This is what I've always thought, too. I was wondering what some other people's thoughts on this are? I'm sure there has to be some amount of people who want to deny this.


----------



## TonyFlyingSquirrel (Sep 2, 2015)

This was a non-white nation to begin with.


----------



## Rev2010 (Sep 2, 2015)

vilk said:


> This is what I've always thought, too. I was wondering what some other people's thoughts on this are? I'm sure there has to be some amount of people who want to deny this.



I think this is a huge factor especially among older conservative types. I'm sure if you talked to them strictly about immigration from predominately white regions like most of Europe they'd respond positive and open mindedly. The instant you start talking about Mexican, Indian, and Middle Eastern immigration forget about it. Their immigration "opinions" will likely be the opposite. There are some factors though that lend to that prejudice. *Not* suggesting it's right or valid!, just pointing out the obvious that there is definitely bias based on several factors.


Rev.


----------



## Dog Boy (Sep 2, 2015)

After the Election the whole issue will go away...jus sayin


----------



## vilk (Sep 3, 2015)

Why do you think so? I mean, I get that that is a pattern--but you could also say it about pretty much any topic people bring up while campaigning.

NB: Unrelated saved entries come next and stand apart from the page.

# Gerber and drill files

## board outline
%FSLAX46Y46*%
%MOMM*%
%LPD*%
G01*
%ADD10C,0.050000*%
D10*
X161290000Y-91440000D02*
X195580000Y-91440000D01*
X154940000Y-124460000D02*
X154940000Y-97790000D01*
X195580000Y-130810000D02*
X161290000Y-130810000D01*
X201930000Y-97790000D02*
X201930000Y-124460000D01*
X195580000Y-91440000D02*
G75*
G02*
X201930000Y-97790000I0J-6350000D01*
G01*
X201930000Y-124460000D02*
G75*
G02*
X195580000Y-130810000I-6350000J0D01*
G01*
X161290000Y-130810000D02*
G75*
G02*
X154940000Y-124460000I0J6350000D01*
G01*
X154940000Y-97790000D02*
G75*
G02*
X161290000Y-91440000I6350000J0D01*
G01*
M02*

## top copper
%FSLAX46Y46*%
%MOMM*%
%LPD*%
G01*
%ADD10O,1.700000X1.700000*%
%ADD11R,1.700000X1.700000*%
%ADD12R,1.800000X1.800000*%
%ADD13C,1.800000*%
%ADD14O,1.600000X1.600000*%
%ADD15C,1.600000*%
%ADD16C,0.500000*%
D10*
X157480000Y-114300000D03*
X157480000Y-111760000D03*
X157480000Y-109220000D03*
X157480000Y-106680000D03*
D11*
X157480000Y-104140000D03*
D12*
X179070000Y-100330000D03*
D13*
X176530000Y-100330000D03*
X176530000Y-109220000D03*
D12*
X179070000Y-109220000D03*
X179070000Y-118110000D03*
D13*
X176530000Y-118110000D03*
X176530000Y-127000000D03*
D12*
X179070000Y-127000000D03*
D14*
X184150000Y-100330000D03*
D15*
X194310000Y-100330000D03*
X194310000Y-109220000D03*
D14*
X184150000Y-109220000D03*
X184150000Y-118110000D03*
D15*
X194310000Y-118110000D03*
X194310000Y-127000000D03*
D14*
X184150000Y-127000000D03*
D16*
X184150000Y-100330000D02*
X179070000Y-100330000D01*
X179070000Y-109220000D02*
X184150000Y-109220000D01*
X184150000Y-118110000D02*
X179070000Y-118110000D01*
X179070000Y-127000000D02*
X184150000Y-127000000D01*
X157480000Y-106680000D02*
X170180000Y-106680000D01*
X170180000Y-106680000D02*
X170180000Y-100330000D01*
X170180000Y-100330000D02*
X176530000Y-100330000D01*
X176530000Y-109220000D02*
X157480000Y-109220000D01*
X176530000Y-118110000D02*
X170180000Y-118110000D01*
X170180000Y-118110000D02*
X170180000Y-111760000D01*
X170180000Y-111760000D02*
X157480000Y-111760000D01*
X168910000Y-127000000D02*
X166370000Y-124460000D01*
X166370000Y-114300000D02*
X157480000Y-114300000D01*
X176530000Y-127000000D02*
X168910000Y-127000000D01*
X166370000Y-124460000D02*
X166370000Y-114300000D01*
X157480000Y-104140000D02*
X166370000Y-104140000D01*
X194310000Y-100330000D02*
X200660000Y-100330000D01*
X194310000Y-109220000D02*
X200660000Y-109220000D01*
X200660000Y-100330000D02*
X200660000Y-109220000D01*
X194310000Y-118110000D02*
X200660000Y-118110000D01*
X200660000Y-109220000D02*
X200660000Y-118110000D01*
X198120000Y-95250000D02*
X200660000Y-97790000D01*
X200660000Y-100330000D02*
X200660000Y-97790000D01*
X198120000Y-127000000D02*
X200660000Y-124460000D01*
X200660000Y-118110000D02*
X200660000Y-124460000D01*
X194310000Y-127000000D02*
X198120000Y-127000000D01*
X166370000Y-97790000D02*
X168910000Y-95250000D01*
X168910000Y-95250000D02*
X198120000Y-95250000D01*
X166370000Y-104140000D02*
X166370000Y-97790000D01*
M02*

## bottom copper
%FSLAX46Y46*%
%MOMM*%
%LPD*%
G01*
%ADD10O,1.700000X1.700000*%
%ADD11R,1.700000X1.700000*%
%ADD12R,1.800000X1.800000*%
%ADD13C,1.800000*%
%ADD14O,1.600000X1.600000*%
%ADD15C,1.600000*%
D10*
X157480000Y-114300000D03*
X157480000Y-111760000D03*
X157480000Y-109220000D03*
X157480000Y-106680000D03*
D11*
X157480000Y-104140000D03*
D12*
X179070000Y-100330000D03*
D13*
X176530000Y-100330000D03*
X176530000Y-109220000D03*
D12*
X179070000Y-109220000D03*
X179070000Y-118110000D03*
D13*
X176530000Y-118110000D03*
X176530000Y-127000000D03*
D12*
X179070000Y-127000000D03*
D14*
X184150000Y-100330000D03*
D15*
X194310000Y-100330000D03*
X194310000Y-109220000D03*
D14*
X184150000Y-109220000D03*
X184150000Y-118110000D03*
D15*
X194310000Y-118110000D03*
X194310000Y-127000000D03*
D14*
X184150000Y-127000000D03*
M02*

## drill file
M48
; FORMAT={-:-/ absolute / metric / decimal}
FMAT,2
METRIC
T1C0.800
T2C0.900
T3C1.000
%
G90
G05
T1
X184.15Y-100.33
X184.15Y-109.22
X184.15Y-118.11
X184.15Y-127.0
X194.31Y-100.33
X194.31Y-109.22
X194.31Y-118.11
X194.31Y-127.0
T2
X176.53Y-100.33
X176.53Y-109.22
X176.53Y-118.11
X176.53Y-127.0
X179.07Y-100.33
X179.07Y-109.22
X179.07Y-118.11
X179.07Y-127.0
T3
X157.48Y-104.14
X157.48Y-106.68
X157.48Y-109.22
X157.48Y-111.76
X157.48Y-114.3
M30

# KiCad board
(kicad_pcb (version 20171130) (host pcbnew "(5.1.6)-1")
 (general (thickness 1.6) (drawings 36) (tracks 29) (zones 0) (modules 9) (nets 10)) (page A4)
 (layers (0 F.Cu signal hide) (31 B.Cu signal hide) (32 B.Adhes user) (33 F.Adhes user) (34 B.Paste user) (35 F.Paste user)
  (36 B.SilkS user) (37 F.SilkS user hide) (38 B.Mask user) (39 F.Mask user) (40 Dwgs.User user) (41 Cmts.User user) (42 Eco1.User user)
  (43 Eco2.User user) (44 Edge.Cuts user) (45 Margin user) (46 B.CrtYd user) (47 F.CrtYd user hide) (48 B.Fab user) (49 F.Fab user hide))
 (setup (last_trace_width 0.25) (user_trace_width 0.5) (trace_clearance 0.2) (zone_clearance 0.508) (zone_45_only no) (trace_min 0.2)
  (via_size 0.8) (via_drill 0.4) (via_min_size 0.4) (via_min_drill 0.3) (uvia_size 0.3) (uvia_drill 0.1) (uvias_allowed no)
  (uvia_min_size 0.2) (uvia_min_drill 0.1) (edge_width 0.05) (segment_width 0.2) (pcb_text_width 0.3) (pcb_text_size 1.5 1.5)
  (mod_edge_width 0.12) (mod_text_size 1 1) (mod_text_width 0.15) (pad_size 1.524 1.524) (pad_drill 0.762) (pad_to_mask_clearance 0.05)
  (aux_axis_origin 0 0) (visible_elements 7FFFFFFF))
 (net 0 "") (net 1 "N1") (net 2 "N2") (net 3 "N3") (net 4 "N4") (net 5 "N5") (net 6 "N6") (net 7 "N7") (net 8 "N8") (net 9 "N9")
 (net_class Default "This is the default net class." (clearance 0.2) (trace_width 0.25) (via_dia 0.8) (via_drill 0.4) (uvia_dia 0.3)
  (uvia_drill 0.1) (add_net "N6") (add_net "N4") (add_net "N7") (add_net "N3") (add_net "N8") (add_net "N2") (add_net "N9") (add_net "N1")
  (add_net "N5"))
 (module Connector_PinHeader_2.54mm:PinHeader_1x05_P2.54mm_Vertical (layer F.Cu) (at 157.48 104.14)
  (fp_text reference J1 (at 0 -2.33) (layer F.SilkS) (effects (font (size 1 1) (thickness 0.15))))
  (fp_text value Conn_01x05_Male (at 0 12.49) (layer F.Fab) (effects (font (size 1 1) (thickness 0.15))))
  (pad 5 thru_hole oval (at 0 10.16) (size 1.7 1.7) (drill 1) (layers *.Cu *.Mask) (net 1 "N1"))
  (pad 4 thru_hole oval (at 0 7.62) (size 1.7 1.7) (drill 1) (layers *.Cu *.Mask) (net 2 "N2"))
  (pad 3 thru_hole oval (at 0 5.08) (size 1.7 1.7) (drill 1) (layers *.Cu *.Mask) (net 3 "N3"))
  (pad 2 thru_hole oval (at 0 2.54) (size 1.7 1.7) (drill 1) (layers *.Cu *.Mask) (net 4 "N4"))
  (pad 1 thru_hole rect (at 0 0) (size 1.7 1.7) (drill 1) (layers *.Cu *.Mask) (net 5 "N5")))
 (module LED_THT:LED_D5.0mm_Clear (layer F.Cu) (at 179.07 100.33 180)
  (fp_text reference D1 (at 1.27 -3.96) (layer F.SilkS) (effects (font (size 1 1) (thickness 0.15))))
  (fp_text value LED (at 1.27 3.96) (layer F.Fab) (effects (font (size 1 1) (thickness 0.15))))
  (pad 1 thru_hole rect (at 0 0 180) (size 1.8 1.8) (drill 0.9) (layers *.Cu *.Mask) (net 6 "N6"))
  (pad 2 thru_hole circle (at 2.54 0 180) (size 1.8 1.8) (drill 0.9) (layers *.Cu *.Mask) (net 4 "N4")))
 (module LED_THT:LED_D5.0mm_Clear (layer F.Cu) (at 179.07 109.22 180)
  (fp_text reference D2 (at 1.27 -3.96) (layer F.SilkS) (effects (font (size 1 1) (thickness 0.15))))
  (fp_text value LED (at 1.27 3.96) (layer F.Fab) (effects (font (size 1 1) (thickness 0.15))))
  (pad 2 thru_hole circle (at 2.54 0 180) (size 1.8 1.8) (drill 0.9) (layers *.Cu *.Mask) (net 3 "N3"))
  (pad 1 thru_hole rect (at 0 0 180) (size 1.8 1.8) (drill 0.9) (layers *.Cu *.Mask) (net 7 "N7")))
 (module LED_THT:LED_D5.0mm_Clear (layer F.Cu) (at 179.07 118.11 180)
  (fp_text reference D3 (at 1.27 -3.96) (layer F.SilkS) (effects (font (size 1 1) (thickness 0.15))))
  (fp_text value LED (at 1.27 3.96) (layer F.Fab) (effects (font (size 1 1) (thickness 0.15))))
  (pad 1 thru_hole rect (at 0 0 180) (size 1.8 1.8) (drill 0.9) (layers *.Cu *.Mask) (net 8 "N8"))
  (pad 2 thru_hole circle (at 2.54 0 180) (size 1.8 1.8) (drill 0.9) (layers *.Cu *.Mask) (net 2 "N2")))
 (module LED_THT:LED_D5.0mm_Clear (layer F.Cu) (at 179.07 127 180)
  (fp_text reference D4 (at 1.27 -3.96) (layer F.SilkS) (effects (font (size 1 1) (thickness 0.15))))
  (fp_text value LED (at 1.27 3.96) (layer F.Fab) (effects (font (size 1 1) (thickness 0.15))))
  (pad 2 thru_hole circle (at 2.54 0 180) (size 1.8 1.8) (drill 0.9) (layers *.Cu *.Mask) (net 1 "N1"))
  (pad 1 thru_hole rect (at 0 0 180) (size 1.8 1.8) (drill 0.9) (layers *.Cu *.Mask) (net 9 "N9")))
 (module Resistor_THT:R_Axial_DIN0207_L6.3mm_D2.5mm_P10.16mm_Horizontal (layer F.Cu) (at 194.31 100.33 180)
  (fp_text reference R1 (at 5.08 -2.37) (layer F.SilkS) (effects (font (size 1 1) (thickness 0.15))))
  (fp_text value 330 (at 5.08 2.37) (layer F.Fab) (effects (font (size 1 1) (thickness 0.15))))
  (pad 2 thru_hole oval (at 10.16 0 180) (size 1.6 1.6) (drill 0.8) (layers *.Cu *.Mask) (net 6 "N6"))
  (pad 1 thru_hole circle (at 0 0 180) (size 1.6 1.6) (drill 0.8) (layers *.Cu *.Mask) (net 5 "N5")))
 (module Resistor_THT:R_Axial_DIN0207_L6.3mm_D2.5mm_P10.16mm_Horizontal (layer F.Cu) (at 194.31 109.22 180)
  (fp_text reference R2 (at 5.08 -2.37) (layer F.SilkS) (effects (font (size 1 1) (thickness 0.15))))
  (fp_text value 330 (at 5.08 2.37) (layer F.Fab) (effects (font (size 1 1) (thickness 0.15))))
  (pad 1 thru_hole circle (at 0 0 180) (size 1.6 1.6) (drill 0.8) (layers *.Cu *.Mask) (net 5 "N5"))
  (pad 2 thru_hole oval (at 10.16 0 180) (size 1.6 1.6) (drill 0.8) (layers *.Cu *.Mask) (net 7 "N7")))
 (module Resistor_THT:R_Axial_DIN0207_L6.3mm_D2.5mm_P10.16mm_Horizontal (layer F.Cu) (at 194.31 118.11 180)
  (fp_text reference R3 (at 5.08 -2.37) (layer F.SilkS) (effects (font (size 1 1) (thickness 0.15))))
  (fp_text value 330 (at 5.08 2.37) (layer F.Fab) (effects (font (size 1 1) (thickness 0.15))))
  (pad 2 thru_hole oval (at 10.16 0 180) (size 1.6 1.6) (drill 0.8) (layers *.Cu *.Mask) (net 8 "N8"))
  (pad 1 thru_hole circle (at 0 0 180) (size 1.6 1.6) (drill 0.8) (layers *.Cu *.Mask) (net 5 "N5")))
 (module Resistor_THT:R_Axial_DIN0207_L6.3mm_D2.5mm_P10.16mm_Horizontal (layer F.Cu) (at 194.31 127 180)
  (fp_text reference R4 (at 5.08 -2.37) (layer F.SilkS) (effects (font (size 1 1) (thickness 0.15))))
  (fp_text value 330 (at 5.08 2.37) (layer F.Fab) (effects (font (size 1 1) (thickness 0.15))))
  (pad 1 thru_hole circle (at 0 0 180) (size 1.6 1.6) (drill 0.8) (layers *.Cu *.Mask) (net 5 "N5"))
  (pad 2 thru_hole oval (at 10.16 0 180) (size 1.6 1.6) (drill 0.8) (layers *.Cu *.Mask) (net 9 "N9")))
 (gr_line (start 161.29 91.44) (end 195.58 91.44) (layer Edge.Cuts) (width 0.05))
 (gr_line (start 154.94 124.46) (end 154.94 97.79) (layer Edge.Cuts) (width 0.05))
 (gr_line (start 195.58 130.81) (end 161.29 130.81) (layer Edge.Cuts) (width 0.05))
 (gr_line (start 201.93 97.79) (end 201.93 124.46) (layer Edge.Cuts) (width 0.05))
 (gr_arc (start 195.58 97.79) (end 201.93 97.79) (angle -90) (layer Edge.Cuts) (width 0.05))
 (gr_arc (start 195.58 124.46) (end 195.58 130.81) (angle -90) (layer Edge.Cuts) (width 0.05))
 (gr_arc (start 161.29 124.46) (end 154.94 124.46) (angle -90) (layer Edge.Cuts) (width 0.05))
 (gr_arc (start 161.29 97.79) (end 161.29 91.44) (angle -90) (layer Edge.Cuts) (width 0.05))
 (segment (start 184.15 100.33) (end 179.07 100.33) (width 0.5) (layer F.Cu) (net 6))
 (segment (start 179.07 109.22) (end 184.15 109.22) (width 0.5) (layer F.Cu) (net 7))
 (segment (start 184.15 118.11) (end 179.07 118.11) (width 0.5) (layer F.Cu) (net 8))
 (segment (start 179.07 127) (end 184.15 127) (width 0.5) (layer F.Cu) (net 9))
 (segment (start 157.48 106.68) (end 170.18 106.68) (width 0.5) (layer F.Cu) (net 4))
 (segment (start 170.18 106.68) (end 170.18 100.33) (width 0.5) (layer F.Cu) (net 4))
 (segment (start 170.18 100.33) (end 176.53 100.33) (width 0.5) (layer F.Cu) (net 4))
 (segment (start 176.53 109.22) (end 157.48 109.22) (width 0.5) (layer F.Cu) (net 3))
 (segment (start 176.53 118.11) (end 170.18 118.11) (width 0.5) (layer F.Cu) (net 2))
 (segment (start 170.18 118.11) (end 170.18 111.76) (width 0.5) (layer F.Cu) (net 2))
 (segment (start 170.18 111.76) (end 157.48 111.76) (width 0.5) (layer F.Cu) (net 2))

More and more and more people are coming to this country. I get the impression that immigration is going to be kind of a big project for whoever wins the next election, kind of like ACA for Obama or War on Terror for Bush. If it isn't, it's probably going to turn into an issue pretty soon, as the margin of immigrants will gradually become too much of the population living within the USA to be swept under the carpet. Especially if you look at how fast Mexicans and Indians have babies. And I know THAT too is something people have been saying for years, but you gotta remember this is one of those graphs where the line has an exponential curve.


----------



## tacotiklah (Sep 3, 2015)

Here's the real heart of the issue...
Census Data Confirms: Hispanics Outnumber Whites In California : NPR


It all comes down to the fact that rich white politicians are scared to death of the fact that white people will become a minority in this country, thus changing voting demographics. So the campaign to demonize what is likely to be the voting majority very soon is on. Even traditionally "red" states like Texas, are about to switch over to blue if this demographic trend continues. 

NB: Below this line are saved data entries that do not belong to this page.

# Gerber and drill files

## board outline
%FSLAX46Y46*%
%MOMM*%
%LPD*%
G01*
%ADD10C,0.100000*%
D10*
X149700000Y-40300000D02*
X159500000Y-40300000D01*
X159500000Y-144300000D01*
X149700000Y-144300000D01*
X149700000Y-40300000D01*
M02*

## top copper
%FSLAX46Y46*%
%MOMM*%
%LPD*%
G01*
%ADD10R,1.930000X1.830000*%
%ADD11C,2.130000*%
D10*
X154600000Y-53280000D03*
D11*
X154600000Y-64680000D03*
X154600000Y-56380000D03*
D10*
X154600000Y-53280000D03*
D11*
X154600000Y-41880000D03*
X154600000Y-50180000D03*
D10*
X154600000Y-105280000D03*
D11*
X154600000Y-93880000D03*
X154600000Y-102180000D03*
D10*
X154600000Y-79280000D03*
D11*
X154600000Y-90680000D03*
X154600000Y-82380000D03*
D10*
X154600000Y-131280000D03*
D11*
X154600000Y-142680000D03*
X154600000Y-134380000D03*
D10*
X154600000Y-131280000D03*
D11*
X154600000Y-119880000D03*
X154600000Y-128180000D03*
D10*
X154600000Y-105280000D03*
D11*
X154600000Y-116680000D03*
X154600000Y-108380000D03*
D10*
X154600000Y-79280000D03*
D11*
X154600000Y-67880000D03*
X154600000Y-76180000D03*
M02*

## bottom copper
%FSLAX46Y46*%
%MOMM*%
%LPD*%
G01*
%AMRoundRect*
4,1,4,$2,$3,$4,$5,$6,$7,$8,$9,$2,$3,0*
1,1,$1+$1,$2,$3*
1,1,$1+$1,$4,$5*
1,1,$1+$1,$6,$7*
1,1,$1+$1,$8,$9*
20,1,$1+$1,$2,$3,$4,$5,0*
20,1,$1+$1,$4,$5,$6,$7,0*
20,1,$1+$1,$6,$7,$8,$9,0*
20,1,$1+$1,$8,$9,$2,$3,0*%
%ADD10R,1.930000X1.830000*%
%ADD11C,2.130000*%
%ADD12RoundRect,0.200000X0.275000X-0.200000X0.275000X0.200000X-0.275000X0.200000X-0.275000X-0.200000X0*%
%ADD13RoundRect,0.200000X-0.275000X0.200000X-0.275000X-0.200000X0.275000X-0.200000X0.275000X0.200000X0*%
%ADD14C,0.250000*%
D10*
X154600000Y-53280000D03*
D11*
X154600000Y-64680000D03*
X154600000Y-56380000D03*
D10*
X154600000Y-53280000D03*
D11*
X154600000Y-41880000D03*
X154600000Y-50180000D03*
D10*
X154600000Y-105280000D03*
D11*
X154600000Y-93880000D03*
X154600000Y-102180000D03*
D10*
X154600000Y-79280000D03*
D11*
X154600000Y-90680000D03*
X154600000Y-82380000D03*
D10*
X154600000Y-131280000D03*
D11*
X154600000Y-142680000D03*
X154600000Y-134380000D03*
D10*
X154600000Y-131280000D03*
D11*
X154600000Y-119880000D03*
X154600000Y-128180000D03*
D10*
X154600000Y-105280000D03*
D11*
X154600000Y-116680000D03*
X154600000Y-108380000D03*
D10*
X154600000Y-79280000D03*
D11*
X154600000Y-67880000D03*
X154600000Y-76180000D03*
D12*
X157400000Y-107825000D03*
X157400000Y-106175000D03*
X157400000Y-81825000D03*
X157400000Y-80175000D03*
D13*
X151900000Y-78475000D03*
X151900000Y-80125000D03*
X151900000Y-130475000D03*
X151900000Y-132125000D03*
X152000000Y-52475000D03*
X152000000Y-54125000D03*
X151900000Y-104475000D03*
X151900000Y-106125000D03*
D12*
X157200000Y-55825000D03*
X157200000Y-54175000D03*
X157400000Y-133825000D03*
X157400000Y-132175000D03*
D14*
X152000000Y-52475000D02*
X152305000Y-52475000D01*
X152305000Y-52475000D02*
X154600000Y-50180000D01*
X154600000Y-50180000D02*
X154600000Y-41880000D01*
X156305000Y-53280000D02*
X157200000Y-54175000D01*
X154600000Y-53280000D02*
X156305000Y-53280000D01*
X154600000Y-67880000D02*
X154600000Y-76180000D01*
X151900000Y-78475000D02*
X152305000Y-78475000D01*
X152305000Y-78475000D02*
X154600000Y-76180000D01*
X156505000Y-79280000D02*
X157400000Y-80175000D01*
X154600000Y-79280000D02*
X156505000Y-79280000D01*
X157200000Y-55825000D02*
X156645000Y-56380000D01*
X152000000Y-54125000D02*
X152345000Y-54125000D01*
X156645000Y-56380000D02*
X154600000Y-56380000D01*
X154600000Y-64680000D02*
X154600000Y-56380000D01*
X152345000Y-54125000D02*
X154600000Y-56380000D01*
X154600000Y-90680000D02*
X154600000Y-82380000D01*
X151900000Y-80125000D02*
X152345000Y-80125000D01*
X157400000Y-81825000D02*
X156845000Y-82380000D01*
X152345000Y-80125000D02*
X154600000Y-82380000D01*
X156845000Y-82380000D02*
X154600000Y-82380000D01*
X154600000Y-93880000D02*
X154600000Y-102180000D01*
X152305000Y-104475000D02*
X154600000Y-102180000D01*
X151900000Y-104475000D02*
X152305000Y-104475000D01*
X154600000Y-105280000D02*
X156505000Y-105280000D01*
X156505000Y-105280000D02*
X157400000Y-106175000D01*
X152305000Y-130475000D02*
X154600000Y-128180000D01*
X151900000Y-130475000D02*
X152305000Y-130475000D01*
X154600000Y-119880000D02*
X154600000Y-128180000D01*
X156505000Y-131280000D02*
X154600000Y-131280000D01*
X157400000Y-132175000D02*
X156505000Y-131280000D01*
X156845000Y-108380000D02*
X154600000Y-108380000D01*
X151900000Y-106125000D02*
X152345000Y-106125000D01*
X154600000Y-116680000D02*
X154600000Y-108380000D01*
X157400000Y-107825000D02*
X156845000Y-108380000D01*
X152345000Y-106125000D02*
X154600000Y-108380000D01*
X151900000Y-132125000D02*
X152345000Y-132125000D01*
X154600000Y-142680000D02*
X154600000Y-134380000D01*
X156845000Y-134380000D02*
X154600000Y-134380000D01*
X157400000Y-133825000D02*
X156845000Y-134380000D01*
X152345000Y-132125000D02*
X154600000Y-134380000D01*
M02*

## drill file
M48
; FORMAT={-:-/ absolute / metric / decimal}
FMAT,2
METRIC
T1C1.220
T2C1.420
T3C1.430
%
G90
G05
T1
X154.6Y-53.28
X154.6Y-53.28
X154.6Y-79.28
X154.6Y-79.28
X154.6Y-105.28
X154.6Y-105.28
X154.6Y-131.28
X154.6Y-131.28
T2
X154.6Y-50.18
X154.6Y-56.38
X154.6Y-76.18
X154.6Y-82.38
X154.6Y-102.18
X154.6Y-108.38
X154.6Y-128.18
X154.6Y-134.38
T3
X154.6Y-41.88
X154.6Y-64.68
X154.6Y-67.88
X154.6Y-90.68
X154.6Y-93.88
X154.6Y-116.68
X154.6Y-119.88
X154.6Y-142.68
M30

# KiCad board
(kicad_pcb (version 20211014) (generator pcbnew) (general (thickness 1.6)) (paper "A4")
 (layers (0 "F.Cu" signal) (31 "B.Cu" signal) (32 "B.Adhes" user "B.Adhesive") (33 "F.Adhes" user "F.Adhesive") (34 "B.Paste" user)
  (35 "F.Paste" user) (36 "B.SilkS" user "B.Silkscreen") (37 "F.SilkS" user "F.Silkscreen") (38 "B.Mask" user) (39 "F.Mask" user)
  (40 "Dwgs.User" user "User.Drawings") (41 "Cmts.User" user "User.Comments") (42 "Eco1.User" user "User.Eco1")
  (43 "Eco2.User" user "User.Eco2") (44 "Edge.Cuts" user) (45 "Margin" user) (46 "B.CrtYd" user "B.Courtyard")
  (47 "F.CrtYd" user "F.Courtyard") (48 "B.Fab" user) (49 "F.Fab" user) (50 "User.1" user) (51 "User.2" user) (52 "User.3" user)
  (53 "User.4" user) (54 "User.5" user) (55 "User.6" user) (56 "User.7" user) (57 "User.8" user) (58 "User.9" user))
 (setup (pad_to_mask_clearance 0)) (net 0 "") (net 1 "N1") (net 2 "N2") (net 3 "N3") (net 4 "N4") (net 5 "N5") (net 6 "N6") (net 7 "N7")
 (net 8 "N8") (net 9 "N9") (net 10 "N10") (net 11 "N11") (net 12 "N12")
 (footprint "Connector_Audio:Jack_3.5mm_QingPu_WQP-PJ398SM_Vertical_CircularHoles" (layer "F.Cu") (at 154.6 53.28)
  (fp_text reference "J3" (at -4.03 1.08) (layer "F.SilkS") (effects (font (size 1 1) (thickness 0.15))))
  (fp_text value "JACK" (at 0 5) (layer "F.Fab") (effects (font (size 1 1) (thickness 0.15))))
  (pad "S" thru_hole rect locked (at 0 0 180) (size 1.93 1.83) (drill 1.22) (layers *.Cu *.Mask) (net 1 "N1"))
  (pad "T" thru_hole circle locked (at 0 11.4 180) (size 2.13 2.13) (drill 1.43) (layers *.Cu *.Mask) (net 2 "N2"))
  (pad "TN" thru_hole circle locked (at 0 3.1 180) (size 2.13 2.13) (drill 1.42) (layers *.Cu *.Mask) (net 2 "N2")))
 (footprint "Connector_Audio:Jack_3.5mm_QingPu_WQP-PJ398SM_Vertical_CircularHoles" (layer "F.Cu") (at 154.6 53.28 180)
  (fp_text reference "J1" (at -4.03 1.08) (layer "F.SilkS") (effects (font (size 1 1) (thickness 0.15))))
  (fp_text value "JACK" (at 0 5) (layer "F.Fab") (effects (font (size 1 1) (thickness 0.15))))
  (pad "S" thru_hole rect locked (at 0 0) (size 1.93 1.83) (drill 1.22) (layers *.Cu *.Mask) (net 1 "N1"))
  (pad "T" thru_hole circle locked (at 0 11.4) (size 2.13 2.13) (drill 1.43) (layers *.Cu *.Mask) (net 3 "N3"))
  (pad "TN" thru_hole circle locked (at 0 3.1) (size 2.13 2.13) (drill 1.42) (layers *.Cu *.Mask) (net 3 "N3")))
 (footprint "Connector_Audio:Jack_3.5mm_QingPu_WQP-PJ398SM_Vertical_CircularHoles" (layer "F.Cu") (at 154.6 105.28 180)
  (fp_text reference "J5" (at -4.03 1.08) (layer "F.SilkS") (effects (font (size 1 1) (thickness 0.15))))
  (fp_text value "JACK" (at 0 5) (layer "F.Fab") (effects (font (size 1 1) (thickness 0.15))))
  (pad "S" thru_hole rect locked (at 0 0) (size 1.93 1.83) (drill 1.22) (layers *.Cu *.Mask) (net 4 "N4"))
  (pad "T" thru_hole circle locked (at 0 11.4) (size 2.13 2.13) (drill 1.43) (layers *.Cu *.Mask) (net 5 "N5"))
  (pad "TN" thru_hole circle locked (at 0 3.1) (size 2.13 2.13) (drill 1.42) (layers *.Cu *.Mask) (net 5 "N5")))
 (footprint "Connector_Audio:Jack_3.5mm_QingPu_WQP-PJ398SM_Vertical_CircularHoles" (layer "F.Cu") (at 154.6 79.28)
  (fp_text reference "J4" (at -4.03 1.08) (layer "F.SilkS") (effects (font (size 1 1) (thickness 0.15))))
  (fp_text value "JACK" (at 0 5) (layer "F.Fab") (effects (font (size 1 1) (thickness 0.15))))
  (pad "S" thru_hole rect locked (at 0 0 180) (size 1.93 1.83) (drill 1.22) (layers *.Cu *.Mask) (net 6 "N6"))
  (pad "T" thru_hole circle locked (at 0 11.4 180) (size 2.13 2.13) (drill 1.43) (layers *.Cu *.Mask) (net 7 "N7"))
  (pad "TN" thru_hole circle locked (at 0 3.1 180) (size 2.13 2.13) (drill 1.42) (layers *.Cu *.Mask) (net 7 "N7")))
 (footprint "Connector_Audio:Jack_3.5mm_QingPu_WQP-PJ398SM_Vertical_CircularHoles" (layer "F.Cu") (at 154.6 131.28)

So now with the moneybags southern career politicians, they realize they may get the boot out the door and are whipping people up into a frenzy that hispanics are bad people. They're even trying to convince people to deport NATURALIZED American citizens just because they have darker skin. Jerkfaces like Trump think that we should have a scaled up version of the berlin wall all across our southern border, but is okay with having plenty of places where you can walk freely to and from Canada with no oversight at all (which I'm all for, but am making a point here).

How are atrocities committed? The first step is always the same; dehumanize a class of people so that consciences and cognitive dissonance can be averted.


----------



## TonyFlyingSquirrel (Sep 3, 2015)

tacotiklah said:


> How are atrocities committed? The first step is always the same; dehumanize a class of people so that consciences and cognitive dissonance can be averted.



It's happened here before, it's bound to happen again. It's the "American" way, but not the Native American way.


----------



## celticelk (Sep 3, 2015)

TonyFlyingSquirrel said:


> It's happened here before, it's bound to happen again. It's the "American" way, but not the Native American way.



That's humanity. I doubt your ancestors were exempt.


----------



## flint757 (Sep 3, 2015)

That's what every single society that has ever existed has done towards their enemy (including Native Americans towards other Native Americans of different tribes). Political/religious figures all throughout history have set out to make war, violence and crime against others more black and white than they really are. It'll never stop happening either considering how effective it is. I mean it definitely works. Look how many parts of the world treat people who are Muslim or the witch hunts of the medieval and colonial days or how people just assume if your Mexican your in the US illegally (or simply Hispanic and thus look similar to a Mexican for that matter). It's like catnip to people who choose not to think deeply about the issues at hand.


----------



## Rev2010 (Sep 3, 2015)

celticelk said:


> That's humanity. I doubt your ancestors were exempt.



Yeah, let's not even get into the way different tribes of American Indians warred with each other. I always have to shake my head when people try to act like their people's are exempt from human atrocities. On the fourth of July I had to comment on a friend's Facebook share about how we shouldn't celebrate due to the attroicites that occurred in occupying this land. While there's no denying what occurred and no pride in it I did point out that America is not at all alone in such things. All cultures have a history of heinousness. The Romans, the Germans, the Norwegians, the Africans, the Egyptians, etc. It's sad but true. It is in NO way just the "American" way. 


Rev.


----------



## Rev2010 (Sep 3, 2015)

tacotiklah said:


> It all comes down to the fact that rich white politicians are scared to death of the fact that white people will become a minority in this country, thus changing voting demographics.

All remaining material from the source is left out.